**ASSIGNMENT:**
Each line of the listing below that includes "user" must be copied.

**RECORDED INFORMATION:**
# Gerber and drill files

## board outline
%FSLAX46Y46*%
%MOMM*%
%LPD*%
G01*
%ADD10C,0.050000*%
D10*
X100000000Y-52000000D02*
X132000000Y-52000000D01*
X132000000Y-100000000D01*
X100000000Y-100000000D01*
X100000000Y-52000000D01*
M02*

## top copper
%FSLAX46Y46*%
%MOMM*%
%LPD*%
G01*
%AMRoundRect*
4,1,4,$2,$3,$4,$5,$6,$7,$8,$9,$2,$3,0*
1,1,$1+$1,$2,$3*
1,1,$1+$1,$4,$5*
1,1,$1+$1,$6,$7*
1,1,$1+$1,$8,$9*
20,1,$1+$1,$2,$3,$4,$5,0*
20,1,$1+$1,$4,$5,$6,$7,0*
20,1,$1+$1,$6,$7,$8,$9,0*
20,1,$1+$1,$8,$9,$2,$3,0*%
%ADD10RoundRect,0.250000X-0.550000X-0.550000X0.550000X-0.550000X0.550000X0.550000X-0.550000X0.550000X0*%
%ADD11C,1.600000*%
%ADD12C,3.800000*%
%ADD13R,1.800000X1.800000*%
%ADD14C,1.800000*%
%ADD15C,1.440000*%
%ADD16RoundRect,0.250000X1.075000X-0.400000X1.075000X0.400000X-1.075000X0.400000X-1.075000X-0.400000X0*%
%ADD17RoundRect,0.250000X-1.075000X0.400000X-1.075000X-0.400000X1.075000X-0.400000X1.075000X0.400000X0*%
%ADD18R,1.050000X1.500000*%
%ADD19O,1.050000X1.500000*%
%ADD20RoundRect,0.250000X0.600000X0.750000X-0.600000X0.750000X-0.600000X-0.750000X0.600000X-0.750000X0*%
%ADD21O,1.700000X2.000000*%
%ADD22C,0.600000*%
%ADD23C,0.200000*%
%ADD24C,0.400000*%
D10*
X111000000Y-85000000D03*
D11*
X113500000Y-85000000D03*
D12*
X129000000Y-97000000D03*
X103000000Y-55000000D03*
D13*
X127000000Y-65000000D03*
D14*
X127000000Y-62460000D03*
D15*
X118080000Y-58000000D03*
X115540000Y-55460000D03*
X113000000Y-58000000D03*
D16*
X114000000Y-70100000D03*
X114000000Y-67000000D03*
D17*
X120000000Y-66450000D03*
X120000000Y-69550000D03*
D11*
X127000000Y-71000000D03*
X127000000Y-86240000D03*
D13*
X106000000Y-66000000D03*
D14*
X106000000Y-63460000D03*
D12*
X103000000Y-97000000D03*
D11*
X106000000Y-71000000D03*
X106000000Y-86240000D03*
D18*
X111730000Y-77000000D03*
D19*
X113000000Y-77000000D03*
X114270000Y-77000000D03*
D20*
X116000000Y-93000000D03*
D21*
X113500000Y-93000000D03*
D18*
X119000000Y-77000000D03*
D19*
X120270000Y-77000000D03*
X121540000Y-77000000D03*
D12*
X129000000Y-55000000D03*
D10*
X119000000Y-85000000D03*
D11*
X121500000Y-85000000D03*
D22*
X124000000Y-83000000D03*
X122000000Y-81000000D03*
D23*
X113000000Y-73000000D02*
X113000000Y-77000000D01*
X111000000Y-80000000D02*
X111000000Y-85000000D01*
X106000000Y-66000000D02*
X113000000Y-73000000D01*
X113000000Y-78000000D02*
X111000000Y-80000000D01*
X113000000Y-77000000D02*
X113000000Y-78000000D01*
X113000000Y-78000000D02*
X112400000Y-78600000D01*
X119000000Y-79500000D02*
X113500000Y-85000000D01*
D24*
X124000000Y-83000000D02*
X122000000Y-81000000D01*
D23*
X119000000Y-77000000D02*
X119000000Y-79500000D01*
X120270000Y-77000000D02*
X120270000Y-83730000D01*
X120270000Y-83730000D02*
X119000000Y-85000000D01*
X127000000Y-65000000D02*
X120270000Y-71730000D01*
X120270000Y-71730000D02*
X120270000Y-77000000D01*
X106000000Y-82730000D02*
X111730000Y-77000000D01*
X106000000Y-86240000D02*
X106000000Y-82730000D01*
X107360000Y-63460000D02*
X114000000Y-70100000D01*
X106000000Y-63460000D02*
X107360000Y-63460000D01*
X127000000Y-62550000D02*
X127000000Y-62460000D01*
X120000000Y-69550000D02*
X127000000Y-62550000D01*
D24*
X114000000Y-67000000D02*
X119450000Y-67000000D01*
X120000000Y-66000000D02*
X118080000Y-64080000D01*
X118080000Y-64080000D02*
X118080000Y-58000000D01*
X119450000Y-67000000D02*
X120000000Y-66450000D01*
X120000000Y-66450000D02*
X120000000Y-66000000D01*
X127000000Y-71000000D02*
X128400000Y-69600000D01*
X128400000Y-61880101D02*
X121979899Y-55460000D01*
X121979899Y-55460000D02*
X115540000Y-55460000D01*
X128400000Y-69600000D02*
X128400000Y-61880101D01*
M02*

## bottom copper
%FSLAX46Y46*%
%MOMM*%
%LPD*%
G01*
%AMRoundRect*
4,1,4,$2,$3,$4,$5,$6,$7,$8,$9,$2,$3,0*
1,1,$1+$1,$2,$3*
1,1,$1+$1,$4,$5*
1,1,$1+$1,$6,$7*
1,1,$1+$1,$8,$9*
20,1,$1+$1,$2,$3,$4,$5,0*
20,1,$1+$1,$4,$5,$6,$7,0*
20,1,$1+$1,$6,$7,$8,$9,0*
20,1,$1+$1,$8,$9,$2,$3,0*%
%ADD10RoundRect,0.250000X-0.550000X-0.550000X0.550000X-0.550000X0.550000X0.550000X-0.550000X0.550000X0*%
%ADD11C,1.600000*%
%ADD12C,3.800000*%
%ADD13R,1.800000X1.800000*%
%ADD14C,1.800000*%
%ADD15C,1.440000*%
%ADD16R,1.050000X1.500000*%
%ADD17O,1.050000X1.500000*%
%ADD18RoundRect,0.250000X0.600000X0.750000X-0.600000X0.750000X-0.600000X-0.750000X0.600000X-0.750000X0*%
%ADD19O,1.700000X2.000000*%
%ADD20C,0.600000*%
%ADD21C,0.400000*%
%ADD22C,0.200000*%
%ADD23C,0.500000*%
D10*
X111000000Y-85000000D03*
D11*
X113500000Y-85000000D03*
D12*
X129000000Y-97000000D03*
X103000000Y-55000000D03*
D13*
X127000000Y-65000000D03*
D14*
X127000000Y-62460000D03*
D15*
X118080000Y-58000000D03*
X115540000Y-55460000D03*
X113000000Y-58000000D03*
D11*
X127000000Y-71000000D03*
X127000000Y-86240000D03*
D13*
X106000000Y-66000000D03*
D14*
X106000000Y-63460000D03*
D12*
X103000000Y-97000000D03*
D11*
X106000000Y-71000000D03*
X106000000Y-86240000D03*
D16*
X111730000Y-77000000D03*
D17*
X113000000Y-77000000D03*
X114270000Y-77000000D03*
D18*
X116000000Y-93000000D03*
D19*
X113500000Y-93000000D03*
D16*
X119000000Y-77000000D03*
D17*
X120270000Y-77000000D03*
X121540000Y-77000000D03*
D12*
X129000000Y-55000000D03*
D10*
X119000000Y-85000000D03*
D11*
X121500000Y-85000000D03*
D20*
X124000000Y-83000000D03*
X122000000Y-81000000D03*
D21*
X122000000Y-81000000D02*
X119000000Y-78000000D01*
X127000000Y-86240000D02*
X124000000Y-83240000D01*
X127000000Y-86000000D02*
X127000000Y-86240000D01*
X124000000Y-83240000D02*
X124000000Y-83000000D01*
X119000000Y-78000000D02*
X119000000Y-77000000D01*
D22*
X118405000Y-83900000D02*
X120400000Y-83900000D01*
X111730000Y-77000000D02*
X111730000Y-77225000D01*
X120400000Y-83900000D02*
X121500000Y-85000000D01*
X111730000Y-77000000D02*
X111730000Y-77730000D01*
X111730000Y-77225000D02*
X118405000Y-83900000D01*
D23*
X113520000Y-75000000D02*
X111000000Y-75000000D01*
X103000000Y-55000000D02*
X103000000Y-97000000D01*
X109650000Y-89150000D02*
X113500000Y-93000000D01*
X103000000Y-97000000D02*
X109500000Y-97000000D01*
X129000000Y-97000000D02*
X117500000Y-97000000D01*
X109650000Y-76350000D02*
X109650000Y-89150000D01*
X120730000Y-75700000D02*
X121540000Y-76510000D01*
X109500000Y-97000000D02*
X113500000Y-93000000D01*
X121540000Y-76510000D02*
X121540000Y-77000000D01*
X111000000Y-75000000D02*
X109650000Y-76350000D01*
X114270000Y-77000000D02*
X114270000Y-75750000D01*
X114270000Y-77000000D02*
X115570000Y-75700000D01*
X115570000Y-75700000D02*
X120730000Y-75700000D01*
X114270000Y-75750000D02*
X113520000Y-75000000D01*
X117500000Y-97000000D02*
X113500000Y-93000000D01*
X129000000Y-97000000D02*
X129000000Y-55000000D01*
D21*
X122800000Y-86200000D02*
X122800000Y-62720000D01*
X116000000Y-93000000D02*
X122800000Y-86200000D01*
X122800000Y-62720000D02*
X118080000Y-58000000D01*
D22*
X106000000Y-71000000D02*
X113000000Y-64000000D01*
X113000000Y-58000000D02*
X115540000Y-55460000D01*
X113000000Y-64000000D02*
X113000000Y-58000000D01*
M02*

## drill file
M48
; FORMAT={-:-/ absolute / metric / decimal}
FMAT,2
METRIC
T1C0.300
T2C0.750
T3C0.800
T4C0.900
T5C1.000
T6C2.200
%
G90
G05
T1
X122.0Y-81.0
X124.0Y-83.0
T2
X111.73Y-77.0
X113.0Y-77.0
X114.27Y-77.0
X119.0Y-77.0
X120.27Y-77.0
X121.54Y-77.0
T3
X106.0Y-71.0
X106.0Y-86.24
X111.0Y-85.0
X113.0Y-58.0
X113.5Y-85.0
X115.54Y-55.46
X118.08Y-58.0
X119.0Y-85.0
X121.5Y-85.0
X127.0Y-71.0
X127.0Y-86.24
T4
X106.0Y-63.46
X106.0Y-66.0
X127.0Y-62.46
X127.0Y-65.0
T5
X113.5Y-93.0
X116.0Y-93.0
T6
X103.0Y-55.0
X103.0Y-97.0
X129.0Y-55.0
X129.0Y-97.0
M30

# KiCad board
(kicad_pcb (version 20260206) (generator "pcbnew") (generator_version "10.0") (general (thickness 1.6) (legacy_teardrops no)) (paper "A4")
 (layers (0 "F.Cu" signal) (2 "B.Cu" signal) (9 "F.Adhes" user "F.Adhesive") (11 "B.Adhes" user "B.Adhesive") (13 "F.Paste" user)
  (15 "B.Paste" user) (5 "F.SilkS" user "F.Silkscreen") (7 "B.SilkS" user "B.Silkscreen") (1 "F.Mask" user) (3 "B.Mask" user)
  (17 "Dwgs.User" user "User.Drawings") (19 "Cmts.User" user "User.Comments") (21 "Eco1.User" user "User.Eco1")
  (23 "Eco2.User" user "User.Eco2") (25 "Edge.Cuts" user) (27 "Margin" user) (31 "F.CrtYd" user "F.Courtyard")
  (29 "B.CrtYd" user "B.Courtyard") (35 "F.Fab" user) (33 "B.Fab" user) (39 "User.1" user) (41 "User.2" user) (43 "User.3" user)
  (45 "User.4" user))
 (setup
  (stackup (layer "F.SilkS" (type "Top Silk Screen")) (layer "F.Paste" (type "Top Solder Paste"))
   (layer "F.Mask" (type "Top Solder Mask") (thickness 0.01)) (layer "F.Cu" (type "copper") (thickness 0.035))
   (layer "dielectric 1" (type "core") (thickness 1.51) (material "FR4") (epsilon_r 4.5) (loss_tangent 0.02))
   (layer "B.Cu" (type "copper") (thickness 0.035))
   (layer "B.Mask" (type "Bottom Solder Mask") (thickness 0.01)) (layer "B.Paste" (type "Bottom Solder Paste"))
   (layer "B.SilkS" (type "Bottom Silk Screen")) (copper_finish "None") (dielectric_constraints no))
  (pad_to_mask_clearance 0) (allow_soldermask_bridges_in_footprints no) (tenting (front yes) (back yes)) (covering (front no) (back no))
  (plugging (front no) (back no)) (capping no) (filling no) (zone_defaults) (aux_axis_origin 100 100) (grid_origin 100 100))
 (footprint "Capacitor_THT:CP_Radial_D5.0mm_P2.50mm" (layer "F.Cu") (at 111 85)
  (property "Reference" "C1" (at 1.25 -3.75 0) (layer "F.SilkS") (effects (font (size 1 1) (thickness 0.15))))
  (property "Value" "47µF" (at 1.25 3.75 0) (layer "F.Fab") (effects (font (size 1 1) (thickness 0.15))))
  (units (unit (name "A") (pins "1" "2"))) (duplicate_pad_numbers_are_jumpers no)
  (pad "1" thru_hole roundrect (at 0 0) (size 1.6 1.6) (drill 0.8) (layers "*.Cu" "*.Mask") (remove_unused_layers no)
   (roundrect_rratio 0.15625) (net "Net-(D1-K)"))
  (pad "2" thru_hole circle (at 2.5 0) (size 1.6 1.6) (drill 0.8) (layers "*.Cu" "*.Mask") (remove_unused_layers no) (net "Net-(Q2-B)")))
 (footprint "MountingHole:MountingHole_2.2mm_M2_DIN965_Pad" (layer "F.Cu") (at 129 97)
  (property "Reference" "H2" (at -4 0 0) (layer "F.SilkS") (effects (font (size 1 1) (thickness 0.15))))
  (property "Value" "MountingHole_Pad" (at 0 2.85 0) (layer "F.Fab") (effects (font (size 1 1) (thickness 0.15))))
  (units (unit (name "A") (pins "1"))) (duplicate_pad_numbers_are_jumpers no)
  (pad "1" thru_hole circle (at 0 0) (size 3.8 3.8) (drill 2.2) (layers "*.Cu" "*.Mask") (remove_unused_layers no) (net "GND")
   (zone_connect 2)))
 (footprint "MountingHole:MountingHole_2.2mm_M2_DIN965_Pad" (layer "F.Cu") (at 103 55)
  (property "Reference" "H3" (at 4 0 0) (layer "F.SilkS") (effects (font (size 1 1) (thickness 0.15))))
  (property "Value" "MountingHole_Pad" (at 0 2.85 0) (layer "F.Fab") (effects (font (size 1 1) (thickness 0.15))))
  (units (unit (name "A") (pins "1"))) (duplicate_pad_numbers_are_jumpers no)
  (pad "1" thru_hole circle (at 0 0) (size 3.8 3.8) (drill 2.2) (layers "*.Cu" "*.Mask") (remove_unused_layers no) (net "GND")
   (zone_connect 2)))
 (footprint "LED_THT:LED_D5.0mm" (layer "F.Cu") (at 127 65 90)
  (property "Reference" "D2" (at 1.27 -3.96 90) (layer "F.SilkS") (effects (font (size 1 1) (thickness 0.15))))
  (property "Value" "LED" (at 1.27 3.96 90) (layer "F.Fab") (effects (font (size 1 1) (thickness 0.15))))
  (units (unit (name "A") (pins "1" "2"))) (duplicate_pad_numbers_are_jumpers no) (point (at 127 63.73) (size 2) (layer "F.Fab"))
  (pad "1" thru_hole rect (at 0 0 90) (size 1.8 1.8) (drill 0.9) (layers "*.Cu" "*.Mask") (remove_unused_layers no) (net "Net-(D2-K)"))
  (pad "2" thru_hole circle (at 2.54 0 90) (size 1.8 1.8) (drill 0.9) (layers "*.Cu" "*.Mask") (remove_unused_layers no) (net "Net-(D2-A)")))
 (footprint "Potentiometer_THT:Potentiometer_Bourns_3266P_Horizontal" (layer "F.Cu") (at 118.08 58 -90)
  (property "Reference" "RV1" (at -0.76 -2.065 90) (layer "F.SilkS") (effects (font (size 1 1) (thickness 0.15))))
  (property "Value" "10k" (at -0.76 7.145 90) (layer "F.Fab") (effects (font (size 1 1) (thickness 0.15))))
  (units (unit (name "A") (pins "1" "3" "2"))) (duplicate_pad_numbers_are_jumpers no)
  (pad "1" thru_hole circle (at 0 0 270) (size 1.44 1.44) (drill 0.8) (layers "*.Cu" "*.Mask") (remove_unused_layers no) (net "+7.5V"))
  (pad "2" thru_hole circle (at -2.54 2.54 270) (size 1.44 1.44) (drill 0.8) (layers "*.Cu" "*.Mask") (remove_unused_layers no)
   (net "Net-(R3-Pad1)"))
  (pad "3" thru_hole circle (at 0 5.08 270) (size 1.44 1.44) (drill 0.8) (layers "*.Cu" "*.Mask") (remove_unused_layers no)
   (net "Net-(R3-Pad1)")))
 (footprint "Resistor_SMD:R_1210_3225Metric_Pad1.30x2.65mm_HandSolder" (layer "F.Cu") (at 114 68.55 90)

**ANSWER TO THE EXERCISE:**
 (layers (0 "F.Cu" signal) (2 "B.Cu" signal) (9 "F.Adhes" user "F.Adhesive") (11 "B.Adhes" user "B.Adhesive") (13 "F.Paste" user)
  (15 "B.Paste" user) (5 "F.SilkS" user "F.Silkscreen") (7 "B.SilkS" user "B.Silkscreen") (1 "F.Mask" user) (3 "B.Mask" user)
  (17 "Dwgs.User" user "User.Drawings") (19 "Cmts.User" user "User.Comments") (21 "Eco1.User" user "User.Eco1")
  (23 "Eco2.User" user "User.Eco2") (25 "Edge.Cuts" user) (27 "Margin" user) (31 "F.CrtYd" user "F.Courtyard")
  (29 "B.CrtYd" user "B.Courtyard") (35 "F.Fab" user) (33 "B.Fab" user) (39 "User.1" user) (41 "User.2" user) (43 "User.3" user)
  (45 "User.4" user))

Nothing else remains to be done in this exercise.